All posts
Engineering 6 min read

Why we chose token-based pricing over per-call pricing

API pricing is usually simple. One call equals one credit. We tried that for about a week before it fell apart.

Microwave has over 90 endpoints across wildly different categories. A slug generation call completes in under 2ms — it’s pure string manipulation, no external dependencies. A currency conversion call hits a live data feed, normalizes rates, and applies precision rounding — maybe 20ms. A banking BIN lookup queries a 400,000-entry dataset, cross-references against an issuer network, and returns enriched card metadata — closer to 40ms and significantly more infrastructure per call.

Under flat per-call pricing, you have two bad options: price for the expensive calls (and gouge users of simple utilities), or price for the cheap calls (and lose money on every FX conversion). Neither is right. Both are dishonest.

The token model

We assign each endpoint a token cost proportional to the actual work it performs. The cost factors in:

  • Computation time — pure CPU/memory operations vs. I/O-bound work
  • External data dependencies — whether the call requires a live upstream fetch
  • Dataset size — how much data we maintain and query to answer the request
  • Result complexity — simple scalar vs. structured enriched object

A slug generation call costs 1 token.

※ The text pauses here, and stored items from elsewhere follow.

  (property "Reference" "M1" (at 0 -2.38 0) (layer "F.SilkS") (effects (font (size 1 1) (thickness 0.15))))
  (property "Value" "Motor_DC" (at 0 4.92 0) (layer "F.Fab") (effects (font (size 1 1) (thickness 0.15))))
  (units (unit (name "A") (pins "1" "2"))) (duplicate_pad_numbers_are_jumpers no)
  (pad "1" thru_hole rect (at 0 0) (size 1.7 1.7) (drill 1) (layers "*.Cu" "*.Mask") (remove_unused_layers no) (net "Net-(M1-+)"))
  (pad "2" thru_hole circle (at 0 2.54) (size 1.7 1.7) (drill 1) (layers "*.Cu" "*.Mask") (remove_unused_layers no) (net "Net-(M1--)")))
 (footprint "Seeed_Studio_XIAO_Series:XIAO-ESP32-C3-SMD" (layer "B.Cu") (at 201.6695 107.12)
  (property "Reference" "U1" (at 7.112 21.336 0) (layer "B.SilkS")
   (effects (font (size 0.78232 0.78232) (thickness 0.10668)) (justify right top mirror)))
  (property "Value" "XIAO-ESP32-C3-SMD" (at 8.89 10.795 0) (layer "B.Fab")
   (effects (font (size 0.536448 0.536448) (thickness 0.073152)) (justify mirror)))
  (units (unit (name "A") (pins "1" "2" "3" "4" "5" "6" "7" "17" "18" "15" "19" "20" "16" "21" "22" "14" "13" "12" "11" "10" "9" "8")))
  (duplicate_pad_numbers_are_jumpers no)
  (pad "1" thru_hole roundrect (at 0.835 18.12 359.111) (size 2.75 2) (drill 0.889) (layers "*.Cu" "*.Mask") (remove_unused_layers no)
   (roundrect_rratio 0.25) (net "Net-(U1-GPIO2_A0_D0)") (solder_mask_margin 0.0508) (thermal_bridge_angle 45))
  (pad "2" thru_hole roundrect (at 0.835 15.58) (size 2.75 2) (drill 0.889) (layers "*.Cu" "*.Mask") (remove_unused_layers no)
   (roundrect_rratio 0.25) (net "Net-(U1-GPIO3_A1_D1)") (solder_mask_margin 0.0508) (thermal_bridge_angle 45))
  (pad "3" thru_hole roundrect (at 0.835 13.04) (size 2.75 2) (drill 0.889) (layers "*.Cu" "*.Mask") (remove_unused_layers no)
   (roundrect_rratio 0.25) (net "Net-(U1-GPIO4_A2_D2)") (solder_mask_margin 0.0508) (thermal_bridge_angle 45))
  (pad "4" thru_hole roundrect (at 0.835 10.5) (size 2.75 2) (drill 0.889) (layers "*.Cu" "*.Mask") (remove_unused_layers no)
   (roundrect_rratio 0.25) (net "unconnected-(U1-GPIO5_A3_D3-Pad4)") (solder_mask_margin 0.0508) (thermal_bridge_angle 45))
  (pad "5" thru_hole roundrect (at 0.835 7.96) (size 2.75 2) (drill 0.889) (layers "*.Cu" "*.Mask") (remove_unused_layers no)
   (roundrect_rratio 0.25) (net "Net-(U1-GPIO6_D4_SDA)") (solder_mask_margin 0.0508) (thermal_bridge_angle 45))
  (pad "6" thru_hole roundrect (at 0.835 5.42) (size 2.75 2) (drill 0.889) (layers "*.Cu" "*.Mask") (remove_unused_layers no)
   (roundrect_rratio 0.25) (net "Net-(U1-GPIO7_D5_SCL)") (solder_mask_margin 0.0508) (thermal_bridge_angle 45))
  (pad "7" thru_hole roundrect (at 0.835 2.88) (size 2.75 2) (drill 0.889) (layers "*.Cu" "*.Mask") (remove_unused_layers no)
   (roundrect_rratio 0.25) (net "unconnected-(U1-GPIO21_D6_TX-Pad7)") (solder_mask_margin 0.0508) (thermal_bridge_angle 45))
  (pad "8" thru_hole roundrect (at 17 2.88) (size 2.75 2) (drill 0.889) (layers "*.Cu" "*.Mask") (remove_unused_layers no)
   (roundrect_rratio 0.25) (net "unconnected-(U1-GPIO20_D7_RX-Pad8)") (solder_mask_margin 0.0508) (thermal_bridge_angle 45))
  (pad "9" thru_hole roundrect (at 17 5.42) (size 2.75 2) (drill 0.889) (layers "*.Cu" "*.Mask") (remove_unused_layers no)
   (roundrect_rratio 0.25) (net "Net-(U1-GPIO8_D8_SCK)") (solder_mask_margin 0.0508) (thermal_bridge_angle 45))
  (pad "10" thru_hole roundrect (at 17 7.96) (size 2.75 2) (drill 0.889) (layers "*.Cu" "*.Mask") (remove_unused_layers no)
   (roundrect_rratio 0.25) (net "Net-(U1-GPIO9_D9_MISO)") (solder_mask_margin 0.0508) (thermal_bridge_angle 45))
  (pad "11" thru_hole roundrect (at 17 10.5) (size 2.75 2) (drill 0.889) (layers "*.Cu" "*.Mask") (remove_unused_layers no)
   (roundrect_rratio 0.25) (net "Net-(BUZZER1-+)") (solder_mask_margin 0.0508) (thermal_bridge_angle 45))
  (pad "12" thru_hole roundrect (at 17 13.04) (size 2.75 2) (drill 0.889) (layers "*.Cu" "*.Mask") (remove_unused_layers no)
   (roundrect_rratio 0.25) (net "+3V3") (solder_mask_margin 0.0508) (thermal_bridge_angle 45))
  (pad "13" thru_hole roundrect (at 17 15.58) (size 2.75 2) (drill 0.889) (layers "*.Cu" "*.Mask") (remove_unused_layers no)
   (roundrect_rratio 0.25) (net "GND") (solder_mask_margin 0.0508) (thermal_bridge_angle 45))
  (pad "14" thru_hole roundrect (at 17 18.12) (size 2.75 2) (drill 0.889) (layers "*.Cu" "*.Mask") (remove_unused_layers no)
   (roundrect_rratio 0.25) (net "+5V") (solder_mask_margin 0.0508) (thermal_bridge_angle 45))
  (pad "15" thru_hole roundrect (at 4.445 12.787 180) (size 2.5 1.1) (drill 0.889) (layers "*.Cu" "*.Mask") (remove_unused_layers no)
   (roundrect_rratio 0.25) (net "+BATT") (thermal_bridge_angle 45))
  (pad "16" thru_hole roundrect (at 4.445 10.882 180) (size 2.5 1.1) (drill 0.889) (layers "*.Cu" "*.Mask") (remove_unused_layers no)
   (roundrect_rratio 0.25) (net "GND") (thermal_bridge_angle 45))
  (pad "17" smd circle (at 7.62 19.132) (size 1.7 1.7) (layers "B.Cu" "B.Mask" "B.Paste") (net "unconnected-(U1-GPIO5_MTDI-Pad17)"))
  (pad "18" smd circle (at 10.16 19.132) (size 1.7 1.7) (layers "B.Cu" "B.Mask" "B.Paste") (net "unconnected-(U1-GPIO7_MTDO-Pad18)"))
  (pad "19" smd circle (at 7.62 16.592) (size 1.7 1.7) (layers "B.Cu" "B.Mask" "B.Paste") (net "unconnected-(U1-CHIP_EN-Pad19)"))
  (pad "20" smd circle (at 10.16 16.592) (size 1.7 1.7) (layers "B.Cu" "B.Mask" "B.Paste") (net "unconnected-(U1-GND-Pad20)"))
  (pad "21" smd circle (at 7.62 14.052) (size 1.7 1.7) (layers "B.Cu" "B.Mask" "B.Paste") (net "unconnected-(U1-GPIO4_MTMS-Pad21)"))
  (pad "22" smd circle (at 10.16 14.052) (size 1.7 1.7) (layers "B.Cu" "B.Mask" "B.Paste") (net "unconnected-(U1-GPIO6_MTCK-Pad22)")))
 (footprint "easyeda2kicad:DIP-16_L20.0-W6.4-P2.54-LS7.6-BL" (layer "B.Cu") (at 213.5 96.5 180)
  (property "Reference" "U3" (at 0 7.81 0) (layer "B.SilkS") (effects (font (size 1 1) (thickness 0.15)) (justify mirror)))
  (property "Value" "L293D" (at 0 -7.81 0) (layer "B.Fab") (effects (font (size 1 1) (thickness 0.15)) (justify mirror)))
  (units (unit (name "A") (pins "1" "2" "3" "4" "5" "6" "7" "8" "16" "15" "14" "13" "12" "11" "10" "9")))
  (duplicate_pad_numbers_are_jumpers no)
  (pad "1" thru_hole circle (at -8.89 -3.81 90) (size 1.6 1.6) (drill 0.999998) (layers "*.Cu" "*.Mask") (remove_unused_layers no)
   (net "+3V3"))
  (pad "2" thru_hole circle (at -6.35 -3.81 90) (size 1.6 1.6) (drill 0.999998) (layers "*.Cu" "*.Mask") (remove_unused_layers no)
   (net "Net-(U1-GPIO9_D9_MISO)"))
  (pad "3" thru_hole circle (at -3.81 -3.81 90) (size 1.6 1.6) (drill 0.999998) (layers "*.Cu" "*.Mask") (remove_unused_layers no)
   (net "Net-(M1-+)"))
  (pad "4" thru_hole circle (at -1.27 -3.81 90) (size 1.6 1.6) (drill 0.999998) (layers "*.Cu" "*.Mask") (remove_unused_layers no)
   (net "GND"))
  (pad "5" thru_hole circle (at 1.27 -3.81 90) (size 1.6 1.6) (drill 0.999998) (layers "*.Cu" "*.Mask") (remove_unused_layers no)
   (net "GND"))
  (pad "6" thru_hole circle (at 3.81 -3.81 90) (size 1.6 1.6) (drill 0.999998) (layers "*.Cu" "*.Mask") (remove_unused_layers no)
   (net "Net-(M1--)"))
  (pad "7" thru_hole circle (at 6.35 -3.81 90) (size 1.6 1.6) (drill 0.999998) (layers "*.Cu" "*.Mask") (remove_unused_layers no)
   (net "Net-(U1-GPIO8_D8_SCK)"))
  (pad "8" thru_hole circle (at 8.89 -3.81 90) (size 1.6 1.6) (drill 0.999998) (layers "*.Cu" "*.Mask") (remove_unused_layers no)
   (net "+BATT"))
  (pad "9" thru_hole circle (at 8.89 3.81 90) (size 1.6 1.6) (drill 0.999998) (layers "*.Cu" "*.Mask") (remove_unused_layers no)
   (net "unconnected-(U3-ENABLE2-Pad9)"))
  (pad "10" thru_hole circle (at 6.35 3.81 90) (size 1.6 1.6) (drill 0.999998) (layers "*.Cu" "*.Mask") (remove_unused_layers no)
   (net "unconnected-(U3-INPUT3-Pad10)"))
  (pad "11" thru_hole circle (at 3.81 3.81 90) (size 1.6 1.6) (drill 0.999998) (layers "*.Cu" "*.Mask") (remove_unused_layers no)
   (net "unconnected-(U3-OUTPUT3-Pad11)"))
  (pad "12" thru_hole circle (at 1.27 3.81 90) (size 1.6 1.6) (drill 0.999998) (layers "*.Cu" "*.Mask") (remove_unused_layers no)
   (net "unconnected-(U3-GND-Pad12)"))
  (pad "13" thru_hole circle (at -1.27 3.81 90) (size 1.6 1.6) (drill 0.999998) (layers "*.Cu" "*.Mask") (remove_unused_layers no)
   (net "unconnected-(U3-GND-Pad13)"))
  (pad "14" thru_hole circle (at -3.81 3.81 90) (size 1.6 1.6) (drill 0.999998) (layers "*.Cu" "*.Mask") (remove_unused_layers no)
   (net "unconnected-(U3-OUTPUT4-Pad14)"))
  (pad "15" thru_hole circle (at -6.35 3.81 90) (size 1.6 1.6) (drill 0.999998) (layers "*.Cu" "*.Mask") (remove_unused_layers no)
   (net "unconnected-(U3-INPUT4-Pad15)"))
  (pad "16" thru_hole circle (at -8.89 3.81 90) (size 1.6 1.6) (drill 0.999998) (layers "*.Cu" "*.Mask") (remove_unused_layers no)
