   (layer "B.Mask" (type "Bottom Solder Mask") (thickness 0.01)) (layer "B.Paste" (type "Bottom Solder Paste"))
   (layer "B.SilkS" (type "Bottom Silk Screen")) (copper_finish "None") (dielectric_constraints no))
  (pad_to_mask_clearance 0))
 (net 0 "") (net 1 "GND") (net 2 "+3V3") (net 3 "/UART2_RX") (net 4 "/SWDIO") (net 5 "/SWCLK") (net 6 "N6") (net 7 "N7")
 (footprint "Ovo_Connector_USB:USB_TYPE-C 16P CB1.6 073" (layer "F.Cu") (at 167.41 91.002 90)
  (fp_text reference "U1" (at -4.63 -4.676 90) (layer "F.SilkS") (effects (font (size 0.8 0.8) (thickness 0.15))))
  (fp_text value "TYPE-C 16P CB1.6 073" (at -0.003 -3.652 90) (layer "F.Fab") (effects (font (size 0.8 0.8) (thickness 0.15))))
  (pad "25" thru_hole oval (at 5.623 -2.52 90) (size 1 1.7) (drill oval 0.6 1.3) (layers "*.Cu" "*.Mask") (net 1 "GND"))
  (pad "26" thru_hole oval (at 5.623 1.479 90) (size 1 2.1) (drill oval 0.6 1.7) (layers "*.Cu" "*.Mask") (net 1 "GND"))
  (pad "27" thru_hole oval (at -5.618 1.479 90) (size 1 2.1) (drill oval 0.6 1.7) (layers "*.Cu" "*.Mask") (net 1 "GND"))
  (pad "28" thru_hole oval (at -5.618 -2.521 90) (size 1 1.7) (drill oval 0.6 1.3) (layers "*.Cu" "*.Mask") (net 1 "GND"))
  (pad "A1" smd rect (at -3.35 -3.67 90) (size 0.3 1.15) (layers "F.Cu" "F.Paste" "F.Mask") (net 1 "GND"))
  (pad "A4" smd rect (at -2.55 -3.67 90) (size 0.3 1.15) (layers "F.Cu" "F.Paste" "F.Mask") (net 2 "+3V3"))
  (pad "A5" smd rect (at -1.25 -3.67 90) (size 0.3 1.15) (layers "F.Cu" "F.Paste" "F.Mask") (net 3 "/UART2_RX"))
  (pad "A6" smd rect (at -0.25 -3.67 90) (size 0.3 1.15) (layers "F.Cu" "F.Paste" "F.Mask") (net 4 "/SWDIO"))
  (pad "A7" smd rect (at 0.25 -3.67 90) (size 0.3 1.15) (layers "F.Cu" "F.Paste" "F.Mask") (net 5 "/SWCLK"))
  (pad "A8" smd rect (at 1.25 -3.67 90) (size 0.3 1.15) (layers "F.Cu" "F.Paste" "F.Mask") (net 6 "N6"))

Currency conversion costs 3. Address parsing — which validates against postal databases, normalizes street abbreviations, and infers missing components — costs 3. Banking BIN lookup costs 5.

These aren’t arbitrary. We track actual infrastructure cost per endpoint category and calibrate token weights quarterly. If the FX data feed costs three times as much to maintain as the timezone database, that ratio should be visible in the pricing.

What you always know before you call

The token cost for every endpoint is documented. It doesn’t change at runtime. There are no surprise multipliers, no “this request was more complex so we charged more.” You know what a call costs before you make it, and you can calculate your monthly bill from first principles.

This matters more than it sounds. The APIs we’re replacing often have opaque pricing: you get billed for “compute units” or “request credits” that don’t obviously map to actual requests. Our model is explicit: endpoint X costs N tokens, you have Y tokens in your plan, math works out.

Batch requests

When you batch multiple items in a single call — for example, parsing 50 addresses in one request — the token cost scales linearly with the item count. A 50-item address parse batch costs 150 tokens (50 × 3). This is intentional: batching is a latency and connection optimization, not a pricing discount. The work done is proportional to the items processed.

This also means batch pricing is predictable. You can estimate a batch job’s cost before sending it.

The unexpected benefit

Designing token costs forced us to think rigorously about what each endpoint actually does — and in several cases, led us to simplify implementations that were doing unnecessary work. When you have to justify a token weight, you interrogate the call path.

We found two endpoints early on that we’d overcomplicated: they were making redundant upstream checks that added latency without adding value. Removing those brought the token cost down and made the endpoints faster. The pricing model made us better engineers.

The edge case: ML/embeddings

Text classification and embedding generation are currently priced separately from the standard token model, because the cost structure is meaningfully different — GPU time vs. CPU time, model size, batch size. We document this clearly and are working toward a unified model. For now, if you’re using those endpoints, the pricing page has a dedicated table.

Why not just make everything 1 token?

We considered it. The appeal is simplicity. But it would mean we’re subsidizing expensive calls with revenue from cheap ones — which is fine until your API mix shifts. It also misaligns incentives: if FX conversion costs the same as slug generation, there’s no reason to choose the cheaper option, and no economic signal to us that certain categories are load-bearing.

The token model lets us price fairly, stay sustainable, and be honest about what things actually cost. That felt more important than the simplicity of “everything is 1.”